Вадим заставил Машу перемерить семь платьев, выбрал два - повседневное из
тонкого льняного трикотажа и нарядное, строгое, из светло-бежевого шелка.
Именно эти два платья идеально на ней сидели, будто специально для Маши
сшиты. В обувном отделе он подобрал к повседневному платью легкие замшевые
босоножки, а к нарядному - строгие туфли-лодочки. Он стоял перед ней на
коленях, сам надевал ей туфли и босоножки, прикасаясь к ее ногам так нежно,
как если бы это были какие-то бесценные произведения искусства.
"Господи, - думала Маша, глядя на его седую макушку, - я таю от него, как
мороженое на ярком солнце, растекаюсь сладкой лужицей и ничего не соображаю.
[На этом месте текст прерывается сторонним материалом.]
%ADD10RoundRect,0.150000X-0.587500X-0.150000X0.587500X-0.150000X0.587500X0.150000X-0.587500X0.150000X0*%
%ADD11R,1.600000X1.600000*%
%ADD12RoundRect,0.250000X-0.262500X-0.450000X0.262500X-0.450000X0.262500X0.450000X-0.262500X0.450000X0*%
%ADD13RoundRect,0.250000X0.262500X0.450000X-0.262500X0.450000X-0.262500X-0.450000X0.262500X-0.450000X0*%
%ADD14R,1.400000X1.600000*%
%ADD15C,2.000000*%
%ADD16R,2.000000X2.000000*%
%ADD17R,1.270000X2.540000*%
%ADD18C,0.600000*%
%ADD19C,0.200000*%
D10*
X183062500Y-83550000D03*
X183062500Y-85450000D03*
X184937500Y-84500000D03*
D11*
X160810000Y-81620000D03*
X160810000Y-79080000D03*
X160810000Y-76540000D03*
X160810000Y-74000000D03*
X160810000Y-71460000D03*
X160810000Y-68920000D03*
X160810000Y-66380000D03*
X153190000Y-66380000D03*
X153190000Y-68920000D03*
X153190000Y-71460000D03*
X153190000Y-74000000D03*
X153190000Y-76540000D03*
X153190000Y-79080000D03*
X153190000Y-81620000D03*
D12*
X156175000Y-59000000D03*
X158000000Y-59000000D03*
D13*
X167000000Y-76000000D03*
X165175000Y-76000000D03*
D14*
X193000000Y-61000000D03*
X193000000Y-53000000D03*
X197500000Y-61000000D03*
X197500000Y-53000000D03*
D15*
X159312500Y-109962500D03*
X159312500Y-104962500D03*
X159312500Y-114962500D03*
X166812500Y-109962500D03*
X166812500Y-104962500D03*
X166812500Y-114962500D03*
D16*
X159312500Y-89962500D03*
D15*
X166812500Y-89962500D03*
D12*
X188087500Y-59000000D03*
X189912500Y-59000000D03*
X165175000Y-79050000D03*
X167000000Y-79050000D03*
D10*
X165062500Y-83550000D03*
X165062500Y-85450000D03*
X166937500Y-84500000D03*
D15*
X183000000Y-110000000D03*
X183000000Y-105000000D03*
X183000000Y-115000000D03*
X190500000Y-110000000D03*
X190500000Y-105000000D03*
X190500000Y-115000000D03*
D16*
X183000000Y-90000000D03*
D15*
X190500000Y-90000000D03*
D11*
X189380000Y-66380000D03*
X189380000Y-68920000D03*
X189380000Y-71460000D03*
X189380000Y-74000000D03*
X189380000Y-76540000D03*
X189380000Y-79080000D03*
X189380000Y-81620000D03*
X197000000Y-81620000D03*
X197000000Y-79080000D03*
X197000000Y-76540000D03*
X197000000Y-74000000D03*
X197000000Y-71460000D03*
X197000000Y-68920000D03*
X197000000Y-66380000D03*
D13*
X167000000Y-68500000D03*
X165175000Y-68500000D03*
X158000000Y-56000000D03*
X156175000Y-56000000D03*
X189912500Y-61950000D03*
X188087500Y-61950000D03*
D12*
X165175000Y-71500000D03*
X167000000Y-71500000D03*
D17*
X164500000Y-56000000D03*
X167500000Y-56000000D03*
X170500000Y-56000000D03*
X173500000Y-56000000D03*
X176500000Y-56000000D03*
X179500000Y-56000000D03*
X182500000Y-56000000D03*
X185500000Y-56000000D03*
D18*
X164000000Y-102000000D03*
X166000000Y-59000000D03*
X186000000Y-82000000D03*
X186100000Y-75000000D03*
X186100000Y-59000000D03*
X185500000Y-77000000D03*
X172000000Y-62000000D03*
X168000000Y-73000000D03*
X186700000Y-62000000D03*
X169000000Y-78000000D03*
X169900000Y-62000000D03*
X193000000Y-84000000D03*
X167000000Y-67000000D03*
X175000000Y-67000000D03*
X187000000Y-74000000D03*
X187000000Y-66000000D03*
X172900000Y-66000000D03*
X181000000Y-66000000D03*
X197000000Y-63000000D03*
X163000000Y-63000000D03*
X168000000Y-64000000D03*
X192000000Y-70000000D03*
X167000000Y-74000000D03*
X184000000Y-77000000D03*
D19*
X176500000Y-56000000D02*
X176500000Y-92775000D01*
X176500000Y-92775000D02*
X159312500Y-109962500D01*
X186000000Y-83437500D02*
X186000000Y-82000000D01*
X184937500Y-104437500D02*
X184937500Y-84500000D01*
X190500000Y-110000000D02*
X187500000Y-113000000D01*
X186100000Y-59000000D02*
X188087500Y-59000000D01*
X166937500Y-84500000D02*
Даже страшно... Хотя чего теперь-то бояться? Мы передадим кассету
Константинову, все расскажем ему и полетим в Москву. Ведь столько уже всего
произошло! Хватит, надо отдохнуть".
- Машенька, встань, пожалуйста, пройдись, - попросил Вадим, - удобно
тебе? Не жмет? Не трет?
- Да, мне очень удобно. Давай на этом остановимся, ладно?
- А кроссовки?
В примерочной спортивного магазина Маша переоделась в новые светло-серые
шорты-бермуды, новую бледно-розовую футболку и сменила драные китайские
тапочки на новые замшевые босоножки.
- Упаковать? - спросила продавщица, глядя на жалкую кучку стареньких
тряпочек, которую Вадим вынес из примерочной.
- Выкинуть! - распорядился он. - И тапки тоже!
Продавщица понимающе кивнула.
Напоследок он выбрал для Маши самые дорогие кроссовки. Продавщица
упаковала их в коробку, завернув в шелковистую папиросную бумагу, словно
экзотические фрукты.
В маленьком открытом баре они чокнулись свежевыжатым апельсиновым соком.
- Я нас с тобой поздравляю, Машенька, - сказал Вадим, - но по-настоящему
мы поздравим друг друга в Москве, когда все останется позади.
- А все и так позади, - пожала плечами Маша, - все плохое кончилось.
Знаешь, я поняла - когда мы вместе, нам везет. Порознь значительно хуже.
Как только они сели в машину, затренькал сотовый телефон. Доктор щелкнул
крышкой:
- Алло!
В трубке стояло мрачное молчание.
- Молчат? - тревожно спросила Маша.
- Сейчас перезвонят, - успокоил Вадим ее и себя.
Но никто не перезванивал.
- Господи, какая я дура, - выдохнула Маша, - ничего еще не кончилось, они
вполне могли засечь нашу встречу на рынке.
- Машенька, пожалуйста, не называй себя дурой. Мне не нравится это слово.